**Goal of the exercise**
Write out exactly the lines of the entries below from the one holding "X104.5Y-97.53G85X103.5Y-97.53" to the one holding "(general (thickness 1.6)", inclusive, and leave out all other lines.

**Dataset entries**
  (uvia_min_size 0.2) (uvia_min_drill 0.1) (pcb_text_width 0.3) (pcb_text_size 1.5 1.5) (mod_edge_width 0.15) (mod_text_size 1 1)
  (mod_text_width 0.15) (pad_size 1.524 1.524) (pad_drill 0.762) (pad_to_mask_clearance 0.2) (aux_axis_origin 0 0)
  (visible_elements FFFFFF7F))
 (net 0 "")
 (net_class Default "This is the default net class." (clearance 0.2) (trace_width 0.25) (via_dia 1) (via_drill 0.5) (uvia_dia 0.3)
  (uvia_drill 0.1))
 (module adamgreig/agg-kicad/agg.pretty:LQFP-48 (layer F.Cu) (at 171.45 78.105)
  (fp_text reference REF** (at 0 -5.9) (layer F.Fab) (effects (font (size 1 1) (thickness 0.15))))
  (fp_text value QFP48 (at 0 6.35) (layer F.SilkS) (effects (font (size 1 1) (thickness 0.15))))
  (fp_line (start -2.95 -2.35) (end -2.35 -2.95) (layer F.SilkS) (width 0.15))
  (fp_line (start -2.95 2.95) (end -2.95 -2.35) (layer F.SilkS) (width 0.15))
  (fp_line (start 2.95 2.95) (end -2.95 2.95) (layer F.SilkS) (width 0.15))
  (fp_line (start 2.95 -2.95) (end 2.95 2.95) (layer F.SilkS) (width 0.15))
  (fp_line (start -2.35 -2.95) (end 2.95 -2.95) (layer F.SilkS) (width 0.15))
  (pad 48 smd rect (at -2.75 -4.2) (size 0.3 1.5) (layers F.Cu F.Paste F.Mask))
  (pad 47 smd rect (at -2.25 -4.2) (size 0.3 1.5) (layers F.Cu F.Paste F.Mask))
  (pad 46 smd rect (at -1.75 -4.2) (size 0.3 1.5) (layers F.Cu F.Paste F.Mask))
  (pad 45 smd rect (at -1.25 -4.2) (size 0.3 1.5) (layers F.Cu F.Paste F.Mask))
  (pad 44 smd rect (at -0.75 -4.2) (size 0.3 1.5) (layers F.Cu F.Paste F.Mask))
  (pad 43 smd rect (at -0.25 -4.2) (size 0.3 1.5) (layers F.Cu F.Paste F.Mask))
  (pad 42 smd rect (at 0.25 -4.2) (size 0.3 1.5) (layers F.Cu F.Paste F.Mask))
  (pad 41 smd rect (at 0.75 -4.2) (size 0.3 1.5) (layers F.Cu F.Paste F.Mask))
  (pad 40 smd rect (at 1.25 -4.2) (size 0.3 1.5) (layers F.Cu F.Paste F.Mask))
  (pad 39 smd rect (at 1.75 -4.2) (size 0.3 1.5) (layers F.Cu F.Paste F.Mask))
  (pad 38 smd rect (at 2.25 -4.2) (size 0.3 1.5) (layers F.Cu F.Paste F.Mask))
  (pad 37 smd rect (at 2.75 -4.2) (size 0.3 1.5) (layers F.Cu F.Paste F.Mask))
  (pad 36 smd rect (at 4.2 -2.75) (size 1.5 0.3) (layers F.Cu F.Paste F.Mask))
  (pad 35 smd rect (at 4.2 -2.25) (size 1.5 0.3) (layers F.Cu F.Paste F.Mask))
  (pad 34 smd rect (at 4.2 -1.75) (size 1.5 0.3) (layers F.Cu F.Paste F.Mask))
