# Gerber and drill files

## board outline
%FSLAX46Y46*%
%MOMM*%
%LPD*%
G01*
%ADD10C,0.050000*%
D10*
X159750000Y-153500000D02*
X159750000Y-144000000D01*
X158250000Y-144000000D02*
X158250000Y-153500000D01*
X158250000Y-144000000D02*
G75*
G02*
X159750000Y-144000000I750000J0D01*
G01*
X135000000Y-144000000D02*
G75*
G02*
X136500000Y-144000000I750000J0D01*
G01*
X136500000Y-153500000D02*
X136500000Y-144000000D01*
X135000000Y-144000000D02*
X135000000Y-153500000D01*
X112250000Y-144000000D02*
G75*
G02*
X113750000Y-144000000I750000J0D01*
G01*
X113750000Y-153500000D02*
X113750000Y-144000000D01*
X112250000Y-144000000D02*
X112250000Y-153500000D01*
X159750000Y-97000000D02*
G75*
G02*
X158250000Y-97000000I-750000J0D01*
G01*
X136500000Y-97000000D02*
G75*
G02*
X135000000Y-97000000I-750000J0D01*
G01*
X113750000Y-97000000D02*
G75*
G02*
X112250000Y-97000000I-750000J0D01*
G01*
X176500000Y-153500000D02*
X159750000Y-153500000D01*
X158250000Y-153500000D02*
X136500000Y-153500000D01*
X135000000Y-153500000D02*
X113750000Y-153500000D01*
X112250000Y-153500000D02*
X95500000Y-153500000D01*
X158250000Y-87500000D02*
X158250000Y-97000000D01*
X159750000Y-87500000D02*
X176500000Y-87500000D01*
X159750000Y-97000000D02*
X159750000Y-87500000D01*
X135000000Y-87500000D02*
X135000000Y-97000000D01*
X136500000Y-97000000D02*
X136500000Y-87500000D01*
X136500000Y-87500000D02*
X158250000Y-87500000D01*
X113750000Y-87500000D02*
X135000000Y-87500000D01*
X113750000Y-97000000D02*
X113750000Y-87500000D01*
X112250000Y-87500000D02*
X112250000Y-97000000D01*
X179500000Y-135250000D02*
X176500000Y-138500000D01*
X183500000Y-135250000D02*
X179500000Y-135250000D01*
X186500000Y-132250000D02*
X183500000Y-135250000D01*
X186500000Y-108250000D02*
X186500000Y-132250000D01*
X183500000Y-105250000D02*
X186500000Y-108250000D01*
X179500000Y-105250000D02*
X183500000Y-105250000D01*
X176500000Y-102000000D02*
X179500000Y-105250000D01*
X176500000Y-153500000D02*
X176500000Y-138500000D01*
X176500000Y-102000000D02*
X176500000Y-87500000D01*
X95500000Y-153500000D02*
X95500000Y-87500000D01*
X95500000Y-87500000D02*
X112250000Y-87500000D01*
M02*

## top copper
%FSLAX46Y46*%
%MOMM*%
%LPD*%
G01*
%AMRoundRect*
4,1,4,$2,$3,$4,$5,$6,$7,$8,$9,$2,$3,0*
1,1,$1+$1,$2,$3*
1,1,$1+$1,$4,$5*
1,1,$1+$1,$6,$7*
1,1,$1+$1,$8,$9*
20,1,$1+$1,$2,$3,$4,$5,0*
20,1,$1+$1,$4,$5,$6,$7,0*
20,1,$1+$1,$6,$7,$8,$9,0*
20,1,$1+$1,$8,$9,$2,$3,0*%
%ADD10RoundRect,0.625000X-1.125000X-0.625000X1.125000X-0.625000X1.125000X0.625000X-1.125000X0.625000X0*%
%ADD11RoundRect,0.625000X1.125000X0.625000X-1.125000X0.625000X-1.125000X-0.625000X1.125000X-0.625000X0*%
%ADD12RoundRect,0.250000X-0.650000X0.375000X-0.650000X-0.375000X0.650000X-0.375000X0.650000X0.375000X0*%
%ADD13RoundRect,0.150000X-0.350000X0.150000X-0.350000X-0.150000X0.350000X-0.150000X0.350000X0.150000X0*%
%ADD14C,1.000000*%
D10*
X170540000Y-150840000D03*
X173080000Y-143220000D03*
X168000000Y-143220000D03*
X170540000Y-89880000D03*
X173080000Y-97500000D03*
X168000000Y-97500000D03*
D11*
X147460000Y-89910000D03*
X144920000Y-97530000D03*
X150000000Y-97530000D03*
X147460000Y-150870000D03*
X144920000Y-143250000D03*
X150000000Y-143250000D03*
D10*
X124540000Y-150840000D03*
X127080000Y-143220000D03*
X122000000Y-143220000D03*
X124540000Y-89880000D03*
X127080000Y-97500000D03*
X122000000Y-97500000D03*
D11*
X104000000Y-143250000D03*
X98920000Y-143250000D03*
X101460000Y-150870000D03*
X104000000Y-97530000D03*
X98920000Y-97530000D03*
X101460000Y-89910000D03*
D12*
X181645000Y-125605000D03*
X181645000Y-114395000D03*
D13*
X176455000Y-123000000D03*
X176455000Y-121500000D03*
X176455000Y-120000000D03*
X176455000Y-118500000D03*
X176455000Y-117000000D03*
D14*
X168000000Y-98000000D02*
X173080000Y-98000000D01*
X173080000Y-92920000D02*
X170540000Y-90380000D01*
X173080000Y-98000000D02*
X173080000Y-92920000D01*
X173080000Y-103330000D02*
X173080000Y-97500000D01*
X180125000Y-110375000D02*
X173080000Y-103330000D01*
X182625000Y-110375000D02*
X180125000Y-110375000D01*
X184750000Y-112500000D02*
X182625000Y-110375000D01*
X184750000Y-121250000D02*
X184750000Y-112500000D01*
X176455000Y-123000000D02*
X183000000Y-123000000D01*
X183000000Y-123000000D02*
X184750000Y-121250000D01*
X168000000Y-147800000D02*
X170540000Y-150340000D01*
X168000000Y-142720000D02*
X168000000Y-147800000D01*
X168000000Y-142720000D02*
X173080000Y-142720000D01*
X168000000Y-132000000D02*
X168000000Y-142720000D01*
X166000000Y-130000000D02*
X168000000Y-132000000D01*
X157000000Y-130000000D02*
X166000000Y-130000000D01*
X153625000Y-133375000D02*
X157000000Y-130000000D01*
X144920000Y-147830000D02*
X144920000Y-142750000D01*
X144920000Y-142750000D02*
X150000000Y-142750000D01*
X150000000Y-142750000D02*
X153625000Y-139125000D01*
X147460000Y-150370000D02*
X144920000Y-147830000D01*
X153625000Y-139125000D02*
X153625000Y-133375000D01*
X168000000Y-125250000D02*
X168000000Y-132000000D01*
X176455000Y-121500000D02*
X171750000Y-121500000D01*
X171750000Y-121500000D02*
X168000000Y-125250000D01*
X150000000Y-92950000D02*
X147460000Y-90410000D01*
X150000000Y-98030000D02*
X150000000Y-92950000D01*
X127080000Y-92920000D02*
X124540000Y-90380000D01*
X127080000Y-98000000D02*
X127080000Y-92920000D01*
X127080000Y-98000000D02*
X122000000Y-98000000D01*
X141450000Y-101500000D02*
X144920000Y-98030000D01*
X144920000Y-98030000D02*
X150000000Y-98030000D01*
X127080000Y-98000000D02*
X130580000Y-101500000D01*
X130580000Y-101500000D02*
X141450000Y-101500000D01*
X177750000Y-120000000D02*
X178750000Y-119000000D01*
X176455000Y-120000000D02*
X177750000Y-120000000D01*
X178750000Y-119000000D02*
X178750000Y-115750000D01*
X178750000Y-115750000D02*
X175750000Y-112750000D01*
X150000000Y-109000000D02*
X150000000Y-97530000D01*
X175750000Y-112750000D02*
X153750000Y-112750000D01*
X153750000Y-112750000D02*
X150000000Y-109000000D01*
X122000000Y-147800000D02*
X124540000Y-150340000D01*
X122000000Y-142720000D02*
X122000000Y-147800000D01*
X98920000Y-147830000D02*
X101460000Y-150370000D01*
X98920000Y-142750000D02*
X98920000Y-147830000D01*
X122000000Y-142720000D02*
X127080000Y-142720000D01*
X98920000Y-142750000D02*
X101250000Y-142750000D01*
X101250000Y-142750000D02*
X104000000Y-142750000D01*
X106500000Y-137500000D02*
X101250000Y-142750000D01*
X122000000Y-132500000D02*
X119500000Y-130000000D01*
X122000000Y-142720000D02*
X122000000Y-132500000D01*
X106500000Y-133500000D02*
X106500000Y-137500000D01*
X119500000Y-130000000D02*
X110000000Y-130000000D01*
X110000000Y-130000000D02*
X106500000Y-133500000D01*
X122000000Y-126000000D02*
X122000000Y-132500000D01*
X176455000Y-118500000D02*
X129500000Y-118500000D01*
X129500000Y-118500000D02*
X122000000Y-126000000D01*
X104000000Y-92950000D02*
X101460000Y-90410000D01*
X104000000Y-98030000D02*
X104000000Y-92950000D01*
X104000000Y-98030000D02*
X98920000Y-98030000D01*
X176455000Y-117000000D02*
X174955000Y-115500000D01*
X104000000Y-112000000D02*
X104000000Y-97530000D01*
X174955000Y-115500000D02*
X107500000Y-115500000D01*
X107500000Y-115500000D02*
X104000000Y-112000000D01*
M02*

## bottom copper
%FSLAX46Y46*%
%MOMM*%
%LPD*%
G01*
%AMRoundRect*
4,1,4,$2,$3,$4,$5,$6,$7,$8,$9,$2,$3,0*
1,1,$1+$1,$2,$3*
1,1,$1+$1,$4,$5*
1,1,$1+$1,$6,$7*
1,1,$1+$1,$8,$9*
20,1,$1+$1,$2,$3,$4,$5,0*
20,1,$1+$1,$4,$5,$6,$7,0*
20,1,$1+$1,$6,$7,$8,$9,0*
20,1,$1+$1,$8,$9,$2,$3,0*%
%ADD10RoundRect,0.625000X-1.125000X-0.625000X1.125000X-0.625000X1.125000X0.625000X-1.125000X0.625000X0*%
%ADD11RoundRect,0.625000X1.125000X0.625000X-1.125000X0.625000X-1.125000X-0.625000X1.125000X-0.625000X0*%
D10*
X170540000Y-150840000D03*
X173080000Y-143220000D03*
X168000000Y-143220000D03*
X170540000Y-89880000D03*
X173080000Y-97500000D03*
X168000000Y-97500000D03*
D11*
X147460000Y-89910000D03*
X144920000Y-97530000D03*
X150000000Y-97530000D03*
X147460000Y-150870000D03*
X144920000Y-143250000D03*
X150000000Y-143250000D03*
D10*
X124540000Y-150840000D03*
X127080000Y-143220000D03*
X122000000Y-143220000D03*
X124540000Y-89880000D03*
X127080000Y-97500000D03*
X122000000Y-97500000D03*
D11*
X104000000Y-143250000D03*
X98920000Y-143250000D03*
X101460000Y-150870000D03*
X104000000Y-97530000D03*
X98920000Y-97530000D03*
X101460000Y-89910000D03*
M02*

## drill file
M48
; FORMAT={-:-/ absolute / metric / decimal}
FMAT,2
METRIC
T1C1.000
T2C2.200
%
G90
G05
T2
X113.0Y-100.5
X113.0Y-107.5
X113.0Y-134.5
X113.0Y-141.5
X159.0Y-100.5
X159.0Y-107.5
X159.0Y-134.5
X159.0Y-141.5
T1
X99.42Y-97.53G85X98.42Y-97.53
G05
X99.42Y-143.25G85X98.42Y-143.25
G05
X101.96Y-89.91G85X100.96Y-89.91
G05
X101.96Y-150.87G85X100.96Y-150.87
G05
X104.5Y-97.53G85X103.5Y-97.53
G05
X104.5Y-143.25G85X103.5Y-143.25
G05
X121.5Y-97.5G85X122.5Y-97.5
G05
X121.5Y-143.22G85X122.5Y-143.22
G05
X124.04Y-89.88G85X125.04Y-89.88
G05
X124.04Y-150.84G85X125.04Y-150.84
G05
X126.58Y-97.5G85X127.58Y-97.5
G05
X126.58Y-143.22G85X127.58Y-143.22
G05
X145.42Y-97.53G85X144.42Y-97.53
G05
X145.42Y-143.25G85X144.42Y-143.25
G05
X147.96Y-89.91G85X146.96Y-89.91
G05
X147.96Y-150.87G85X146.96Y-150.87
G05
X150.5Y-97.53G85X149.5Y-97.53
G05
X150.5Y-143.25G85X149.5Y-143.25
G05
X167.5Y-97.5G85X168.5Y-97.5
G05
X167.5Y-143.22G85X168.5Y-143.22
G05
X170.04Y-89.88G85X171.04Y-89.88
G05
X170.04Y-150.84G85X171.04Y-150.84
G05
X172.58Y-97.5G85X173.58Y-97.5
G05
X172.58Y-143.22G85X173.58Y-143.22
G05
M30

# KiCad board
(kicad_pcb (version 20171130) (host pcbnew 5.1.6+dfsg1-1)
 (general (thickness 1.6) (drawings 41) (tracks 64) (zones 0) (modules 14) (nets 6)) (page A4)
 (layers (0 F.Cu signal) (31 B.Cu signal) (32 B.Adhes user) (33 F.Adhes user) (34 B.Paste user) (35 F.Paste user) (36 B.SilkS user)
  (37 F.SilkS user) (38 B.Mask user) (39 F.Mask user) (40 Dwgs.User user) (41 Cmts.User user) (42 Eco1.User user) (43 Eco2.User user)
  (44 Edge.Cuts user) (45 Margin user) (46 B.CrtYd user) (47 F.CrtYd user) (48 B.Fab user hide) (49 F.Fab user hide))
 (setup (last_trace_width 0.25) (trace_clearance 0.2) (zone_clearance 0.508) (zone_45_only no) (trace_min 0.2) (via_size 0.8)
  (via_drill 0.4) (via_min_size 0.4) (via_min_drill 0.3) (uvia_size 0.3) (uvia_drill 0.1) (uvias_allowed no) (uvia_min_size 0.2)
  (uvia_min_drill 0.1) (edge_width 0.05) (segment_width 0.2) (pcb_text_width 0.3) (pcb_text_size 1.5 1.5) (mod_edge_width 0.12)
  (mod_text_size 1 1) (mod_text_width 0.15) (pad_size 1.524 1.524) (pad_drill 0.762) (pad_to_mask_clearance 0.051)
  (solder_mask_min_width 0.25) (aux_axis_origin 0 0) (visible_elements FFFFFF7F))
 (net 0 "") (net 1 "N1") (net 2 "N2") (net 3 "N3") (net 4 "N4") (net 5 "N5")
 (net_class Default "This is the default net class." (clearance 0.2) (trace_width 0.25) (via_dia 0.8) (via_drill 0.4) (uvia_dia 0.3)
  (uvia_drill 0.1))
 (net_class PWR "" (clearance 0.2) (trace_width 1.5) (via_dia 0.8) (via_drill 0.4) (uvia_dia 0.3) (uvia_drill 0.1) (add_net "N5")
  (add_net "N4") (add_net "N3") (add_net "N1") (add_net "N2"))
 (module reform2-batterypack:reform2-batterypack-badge (layer F.Cu) (at 136 120.5 90)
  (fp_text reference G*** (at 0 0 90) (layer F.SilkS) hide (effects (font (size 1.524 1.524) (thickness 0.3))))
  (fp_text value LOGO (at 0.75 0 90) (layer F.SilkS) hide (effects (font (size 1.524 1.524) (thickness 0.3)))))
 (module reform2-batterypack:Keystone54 (layer F.Cu) (at 168 98)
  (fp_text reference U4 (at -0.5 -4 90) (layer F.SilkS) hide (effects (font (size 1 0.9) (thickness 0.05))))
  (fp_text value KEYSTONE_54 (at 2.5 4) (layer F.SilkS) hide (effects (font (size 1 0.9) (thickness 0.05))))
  (pad 6 thru_hole roundrect (at 2.54 52.84) (size 3.5 2.5) (drill oval 2 1) (layers *.Cu *.Mask) (roundrect_rratio 0.25) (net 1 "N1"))
  (pad 5 thru_hole roundrect (at 5.08 45.22) (size 3.5 2.5) (drill oval 2 1) (layers *.Cu *.Mask) (roundrect_rratio 0.25) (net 1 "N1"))
  (pad 4 thru_hole roundrect (at 0 45.22) (size 3.5 2.5) (drill oval 2 1) (layers *.Cu *.Mask) (roundrect_rratio 0.25) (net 1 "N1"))
  (pad 3 thru_hole roundrect (at 2.54 -8.12) (size 3.5 2.5) (drill oval 2 1) (layers *.Cu *.Mask) (roundrect_rratio 0.25) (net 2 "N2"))
  (pad 2 thru_hole roundrect (at 5.08 -0.5) (size 3.5 2.5) (drill oval 2 1) (layers *.Cu *.Mask) (roundrect_rratio 0.25) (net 2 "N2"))
  (pad 1 thru_hole roundrect (at 0 -0.5) (size 3.5 2.5) (drill oval 2 1) (layers *.Cu *.Mask) (roundrect_rratio 0.25) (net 2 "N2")))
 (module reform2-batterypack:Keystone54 (layer F.Cu) (at 150 142.75 180)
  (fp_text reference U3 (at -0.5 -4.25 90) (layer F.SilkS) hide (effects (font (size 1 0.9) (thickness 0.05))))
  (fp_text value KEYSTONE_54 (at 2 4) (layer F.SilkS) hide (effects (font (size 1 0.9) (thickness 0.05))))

**Your solution**
X104.5Y-97.53G85X103.5Y-97.53
G05
X104.5Y-143.25G85X103.5Y-143.25
G05
X121.5Y-97.5G85X122.5Y-97.5
G05
X121.5Y-143.22G85X122.5Y-143.22
G05
X124.04Y-89.88G85X125.04Y-89.88
G05
X124.04Y-150.84G85X125.04Y-150.84
G05
X126.58Y-97.5G85X127.58Y-97.5
G05
X126.58Y-143.22G85X127.58Y-143.22
G05
X145.42Y-97.53G85X144.42Y-97.53
G05
X145.42Y-143.25G85X144.42Y-143.25
G05
X147.96Y-89.91G85X146.96Y-89.91
G05
X147.96Y-150.87G85X146.96Y-150.87
G05
X150.5Y-97.53G85X149.5Y-97.53
G05
X150.5Y-143.25G85X149.5Y-143.25
G05
X167.5Y-97.5G85X168.5Y-97.5
G05
X167.5Y-143.22G85X168.5Y-143.22
G05
X170.04Y-89.88G85X171.04Y-89.88
G05
X170.04Y-150.84G85X171.04Y-150.84
G05
X172.58Y-97.5G85X173.58Y-97.5
G05
X172.58Y-143.22G85X173.58Y-143.22
G05
M30

# KiCad board
(kicad_pcb (version 20171130) (host pcbnew 5.1.6+dfsg1-1)
 (general (thickness 1.6) (drawings 41) (tracks 64) (zones 0) (modules 14) (nets 6)) (page A4)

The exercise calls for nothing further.